# PROBLEM TO WORK ON
Your answer must consist of exactly the lines below, starting with the line with "X147365000Y-95757800D01*" and going on through the line with "(fp_line (start 1.33 1.27)", and nothing else.

# AVAILABLE DATA
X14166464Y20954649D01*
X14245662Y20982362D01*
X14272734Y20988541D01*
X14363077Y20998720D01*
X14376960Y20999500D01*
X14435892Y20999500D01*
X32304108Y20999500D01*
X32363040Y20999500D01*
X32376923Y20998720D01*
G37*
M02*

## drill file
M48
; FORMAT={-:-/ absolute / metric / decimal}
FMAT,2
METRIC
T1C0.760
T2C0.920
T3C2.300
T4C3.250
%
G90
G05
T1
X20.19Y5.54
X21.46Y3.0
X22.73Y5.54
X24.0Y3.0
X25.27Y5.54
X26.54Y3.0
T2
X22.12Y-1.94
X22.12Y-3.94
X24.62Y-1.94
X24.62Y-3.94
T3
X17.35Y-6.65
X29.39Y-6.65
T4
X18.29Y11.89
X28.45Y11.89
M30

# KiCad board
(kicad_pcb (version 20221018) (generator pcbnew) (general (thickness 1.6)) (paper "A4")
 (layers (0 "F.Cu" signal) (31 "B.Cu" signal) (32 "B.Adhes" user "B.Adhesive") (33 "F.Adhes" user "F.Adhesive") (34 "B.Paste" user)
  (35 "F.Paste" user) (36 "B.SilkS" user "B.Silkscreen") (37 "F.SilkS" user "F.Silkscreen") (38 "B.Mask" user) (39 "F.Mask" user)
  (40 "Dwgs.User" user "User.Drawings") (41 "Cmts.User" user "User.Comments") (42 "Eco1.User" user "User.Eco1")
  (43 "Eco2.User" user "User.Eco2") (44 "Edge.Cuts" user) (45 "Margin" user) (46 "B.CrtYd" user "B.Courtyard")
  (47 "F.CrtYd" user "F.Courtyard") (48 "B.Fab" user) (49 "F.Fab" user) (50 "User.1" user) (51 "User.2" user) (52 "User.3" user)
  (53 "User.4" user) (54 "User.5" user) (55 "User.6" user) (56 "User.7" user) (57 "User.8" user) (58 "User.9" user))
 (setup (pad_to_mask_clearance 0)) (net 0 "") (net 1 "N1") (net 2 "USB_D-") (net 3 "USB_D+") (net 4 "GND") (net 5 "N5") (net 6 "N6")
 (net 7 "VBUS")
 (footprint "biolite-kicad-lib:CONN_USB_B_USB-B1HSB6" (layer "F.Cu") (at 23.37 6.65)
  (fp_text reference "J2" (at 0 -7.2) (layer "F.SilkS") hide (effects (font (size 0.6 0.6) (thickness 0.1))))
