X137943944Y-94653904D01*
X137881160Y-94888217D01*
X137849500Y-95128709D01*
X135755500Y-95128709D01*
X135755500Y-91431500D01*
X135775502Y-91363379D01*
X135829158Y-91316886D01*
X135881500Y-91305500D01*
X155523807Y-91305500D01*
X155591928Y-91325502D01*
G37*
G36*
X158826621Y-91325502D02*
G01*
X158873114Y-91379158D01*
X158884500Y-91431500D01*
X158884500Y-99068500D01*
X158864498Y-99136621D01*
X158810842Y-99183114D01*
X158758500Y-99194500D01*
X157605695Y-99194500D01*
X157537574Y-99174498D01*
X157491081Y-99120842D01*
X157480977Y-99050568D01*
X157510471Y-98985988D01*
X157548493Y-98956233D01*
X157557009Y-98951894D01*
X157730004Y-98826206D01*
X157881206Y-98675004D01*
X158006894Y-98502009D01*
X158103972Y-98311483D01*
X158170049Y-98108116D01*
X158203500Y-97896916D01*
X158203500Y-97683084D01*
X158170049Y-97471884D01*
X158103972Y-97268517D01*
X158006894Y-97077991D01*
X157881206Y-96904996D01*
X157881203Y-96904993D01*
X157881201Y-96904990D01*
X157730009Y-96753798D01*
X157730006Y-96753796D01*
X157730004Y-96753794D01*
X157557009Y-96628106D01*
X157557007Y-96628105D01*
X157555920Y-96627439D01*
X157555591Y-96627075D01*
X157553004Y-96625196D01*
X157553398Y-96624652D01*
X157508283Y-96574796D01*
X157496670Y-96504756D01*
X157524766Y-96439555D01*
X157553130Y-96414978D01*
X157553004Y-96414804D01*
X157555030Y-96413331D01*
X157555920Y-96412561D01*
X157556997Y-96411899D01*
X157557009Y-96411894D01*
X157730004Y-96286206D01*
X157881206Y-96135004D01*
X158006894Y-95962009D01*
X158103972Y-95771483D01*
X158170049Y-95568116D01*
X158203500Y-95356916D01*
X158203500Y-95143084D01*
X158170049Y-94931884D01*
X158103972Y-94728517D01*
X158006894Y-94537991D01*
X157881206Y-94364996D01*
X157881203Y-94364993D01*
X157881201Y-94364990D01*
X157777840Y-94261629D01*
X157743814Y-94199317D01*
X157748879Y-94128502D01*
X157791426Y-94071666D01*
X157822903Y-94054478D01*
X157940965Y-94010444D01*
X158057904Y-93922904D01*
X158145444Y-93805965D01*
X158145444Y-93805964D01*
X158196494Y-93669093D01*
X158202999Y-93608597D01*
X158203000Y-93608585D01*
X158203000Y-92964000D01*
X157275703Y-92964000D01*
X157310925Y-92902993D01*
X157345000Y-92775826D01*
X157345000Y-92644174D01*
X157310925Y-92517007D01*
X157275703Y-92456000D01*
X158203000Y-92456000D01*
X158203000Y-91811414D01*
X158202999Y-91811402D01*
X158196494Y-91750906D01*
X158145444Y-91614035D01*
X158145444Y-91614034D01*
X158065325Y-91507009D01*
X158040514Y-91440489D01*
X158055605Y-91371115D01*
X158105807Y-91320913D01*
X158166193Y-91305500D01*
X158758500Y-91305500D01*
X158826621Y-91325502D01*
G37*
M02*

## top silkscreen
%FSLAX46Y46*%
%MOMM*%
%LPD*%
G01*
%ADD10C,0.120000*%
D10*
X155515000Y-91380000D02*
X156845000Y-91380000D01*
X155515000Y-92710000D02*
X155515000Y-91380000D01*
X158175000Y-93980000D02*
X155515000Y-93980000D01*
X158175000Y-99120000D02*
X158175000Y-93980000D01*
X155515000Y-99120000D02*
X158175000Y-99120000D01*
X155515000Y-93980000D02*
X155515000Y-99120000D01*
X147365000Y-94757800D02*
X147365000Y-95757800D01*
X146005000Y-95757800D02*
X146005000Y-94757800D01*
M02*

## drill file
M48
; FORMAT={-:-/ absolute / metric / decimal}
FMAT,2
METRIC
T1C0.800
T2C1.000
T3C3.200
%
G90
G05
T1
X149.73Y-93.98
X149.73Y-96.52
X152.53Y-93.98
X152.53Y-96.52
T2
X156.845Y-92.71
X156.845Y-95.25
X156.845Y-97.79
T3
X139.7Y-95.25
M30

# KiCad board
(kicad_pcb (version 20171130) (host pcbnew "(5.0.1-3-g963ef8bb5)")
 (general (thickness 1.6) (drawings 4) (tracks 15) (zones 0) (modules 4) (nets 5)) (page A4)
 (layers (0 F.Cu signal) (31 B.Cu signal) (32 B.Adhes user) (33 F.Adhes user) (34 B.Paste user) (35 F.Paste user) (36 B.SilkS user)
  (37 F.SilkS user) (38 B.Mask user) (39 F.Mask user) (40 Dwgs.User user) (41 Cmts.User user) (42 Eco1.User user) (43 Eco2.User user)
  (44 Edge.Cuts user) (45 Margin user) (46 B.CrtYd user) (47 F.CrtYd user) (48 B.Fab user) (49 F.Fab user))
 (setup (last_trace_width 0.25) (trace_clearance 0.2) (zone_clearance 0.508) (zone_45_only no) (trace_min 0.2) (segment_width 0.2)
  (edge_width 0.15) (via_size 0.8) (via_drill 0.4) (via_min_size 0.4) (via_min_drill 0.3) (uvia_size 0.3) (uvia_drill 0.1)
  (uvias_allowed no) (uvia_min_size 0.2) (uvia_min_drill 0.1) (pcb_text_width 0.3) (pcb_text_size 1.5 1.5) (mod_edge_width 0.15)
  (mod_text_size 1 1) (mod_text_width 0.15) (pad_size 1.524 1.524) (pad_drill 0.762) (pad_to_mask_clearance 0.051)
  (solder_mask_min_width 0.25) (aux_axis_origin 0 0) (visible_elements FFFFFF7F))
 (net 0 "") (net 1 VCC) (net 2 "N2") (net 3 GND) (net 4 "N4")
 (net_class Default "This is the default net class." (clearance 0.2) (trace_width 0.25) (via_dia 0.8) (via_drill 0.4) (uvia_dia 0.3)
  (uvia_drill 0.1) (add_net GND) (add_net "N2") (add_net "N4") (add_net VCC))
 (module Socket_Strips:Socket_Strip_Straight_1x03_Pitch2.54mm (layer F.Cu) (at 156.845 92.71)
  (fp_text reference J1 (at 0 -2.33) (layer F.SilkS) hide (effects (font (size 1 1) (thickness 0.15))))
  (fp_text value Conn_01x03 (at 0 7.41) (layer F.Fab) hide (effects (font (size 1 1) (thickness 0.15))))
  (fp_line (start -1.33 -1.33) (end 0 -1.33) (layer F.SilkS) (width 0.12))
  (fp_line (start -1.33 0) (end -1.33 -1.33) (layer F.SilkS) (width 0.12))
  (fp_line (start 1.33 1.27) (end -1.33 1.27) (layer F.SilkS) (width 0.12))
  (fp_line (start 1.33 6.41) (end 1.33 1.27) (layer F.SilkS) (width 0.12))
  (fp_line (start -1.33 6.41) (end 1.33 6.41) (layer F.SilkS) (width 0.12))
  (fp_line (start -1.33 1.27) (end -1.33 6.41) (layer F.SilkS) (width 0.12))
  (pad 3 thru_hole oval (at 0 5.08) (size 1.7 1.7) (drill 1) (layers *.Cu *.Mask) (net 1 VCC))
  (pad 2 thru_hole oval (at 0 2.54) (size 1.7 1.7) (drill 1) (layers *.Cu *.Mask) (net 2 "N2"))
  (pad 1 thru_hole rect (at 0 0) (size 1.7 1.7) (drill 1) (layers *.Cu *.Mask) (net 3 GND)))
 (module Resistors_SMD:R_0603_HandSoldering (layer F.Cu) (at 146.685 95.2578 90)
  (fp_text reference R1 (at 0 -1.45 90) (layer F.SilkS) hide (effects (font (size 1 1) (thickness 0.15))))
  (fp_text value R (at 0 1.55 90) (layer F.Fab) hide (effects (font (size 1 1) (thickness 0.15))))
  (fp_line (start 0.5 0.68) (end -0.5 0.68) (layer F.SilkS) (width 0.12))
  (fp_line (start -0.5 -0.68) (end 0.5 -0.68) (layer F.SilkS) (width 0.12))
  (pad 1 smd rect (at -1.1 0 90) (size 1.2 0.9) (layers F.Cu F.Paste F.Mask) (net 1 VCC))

# YOUR RESPONSE
X147365000Y-95757800D01*
X146005000Y-95757800D02*
X146005000Y-94757800D01*
M02*

## drill file
M48
; FORMAT={-:-/ absolute / metric / decimal}
FMAT,2
METRIC
T1C0.800
T2C1.000
T3C3.200
%
G90
G05
T1
X149.73Y-93.98
X149.73Y-96.52
X152.53Y-93.98
X152.53Y-96.52
T2
X156.845Y-92.71
X156.845Y-95.25
X156.845Y-97.79
T3
X139.7Y-95.25
M30

# KiCad board
(kicad_pcb (version 20171130) (host pcbnew "(5.0.1-3-g963ef8bb5)")
 (general (thickness 1.6) (drawings 4) (tracks 15) (zones 0) (modules 4) (nets 5)) (page A4)
 (layers (0 F.Cu signal) (31 B.Cu signal) (32 B.Adhes user) (33 F.Adhes user) (34 B.Paste user) (35 F.Paste user) (36 B.SilkS user)
  (37 F.SilkS user) (38 B.Mask user) (39 F.Mask user) (40 Dwgs.User user) (41 Cmts.User user) (42 Eco1.User user) (43 Eco2.User user)
  (44 Edge.Cuts user) (45 Margin user) (46 B.CrtYd user) (47 F.CrtYd user) (48 B.Fab user) (49 F.Fab user))
 (setup (last_trace_width 0.25) (trace_clearance 0.2) (zone_clearance 0.508) (zone_45_only no) (trace_min 0.2) (segment_width 0.2)
  (edge_width 0.15) (via_size 0.8) (via_drill 0.4) (via_min_size 0.4) (via_min_drill 0.3) (uvia_size 0.3) (uvia_drill 0.1)
  (uvias_allowed no) (uvia_min_size 0.2) (uvia_min_drill 0.1) (pcb_text_width 0.3) (pcb_text_size 1.5 1.5) (mod_edge_width 0.15)
  (mod_text_size 1 1) (mod_text_width 0.15) (pad_size 1.524 1.524) (pad_drill 0.762) (pad_to_mask_clearance 0.051)
  (solder_mask_min_width 0.25) (aux_axis_origin 0 0) (visible_elements FFFFFF7F))
 (net 0 "") (net 1 VCC) (net 2 "N2") (net 3 GND) (net 4 "N4")
 (net_class Default "This is the default net class." (clearance 0.2) (trace_width 0.25) (via_dia 0.8) (via_drill 0.4) (uvia_dia 0.3)
  (uvia_drill 0.1) (add_net GND) (add_net "N2") (add_net "N4") (add_net VCC))
 (module Socket_Strips:Socket_Strip_Straight_1x03_Pitch2.54mm (layer F.Cu) (at 156.845 92.71)
  (fp_text reference J1 (at 0 -2.33) (layer F.SilkS) hide (effects (font (size 1 1) (thickness 0.15))))
  (fp_text value Conn_01x03 (at 0 7.41) (layer F.Fab) hide (effects (font (size 1 1) (thickness 0.15))))
  (fp_line (start -1.33 -1.33) (end 0 -1.33) (layer F.SilkS) (width 0.12))
  (fp_line (start -1.33 0) (end -1.33 -1.33) (layer F.SilkS) (width 0.12))
  (fp_line (start 1.33 1.27) (end -1.33 1.27) (layer F.SilkS) (width 0.12))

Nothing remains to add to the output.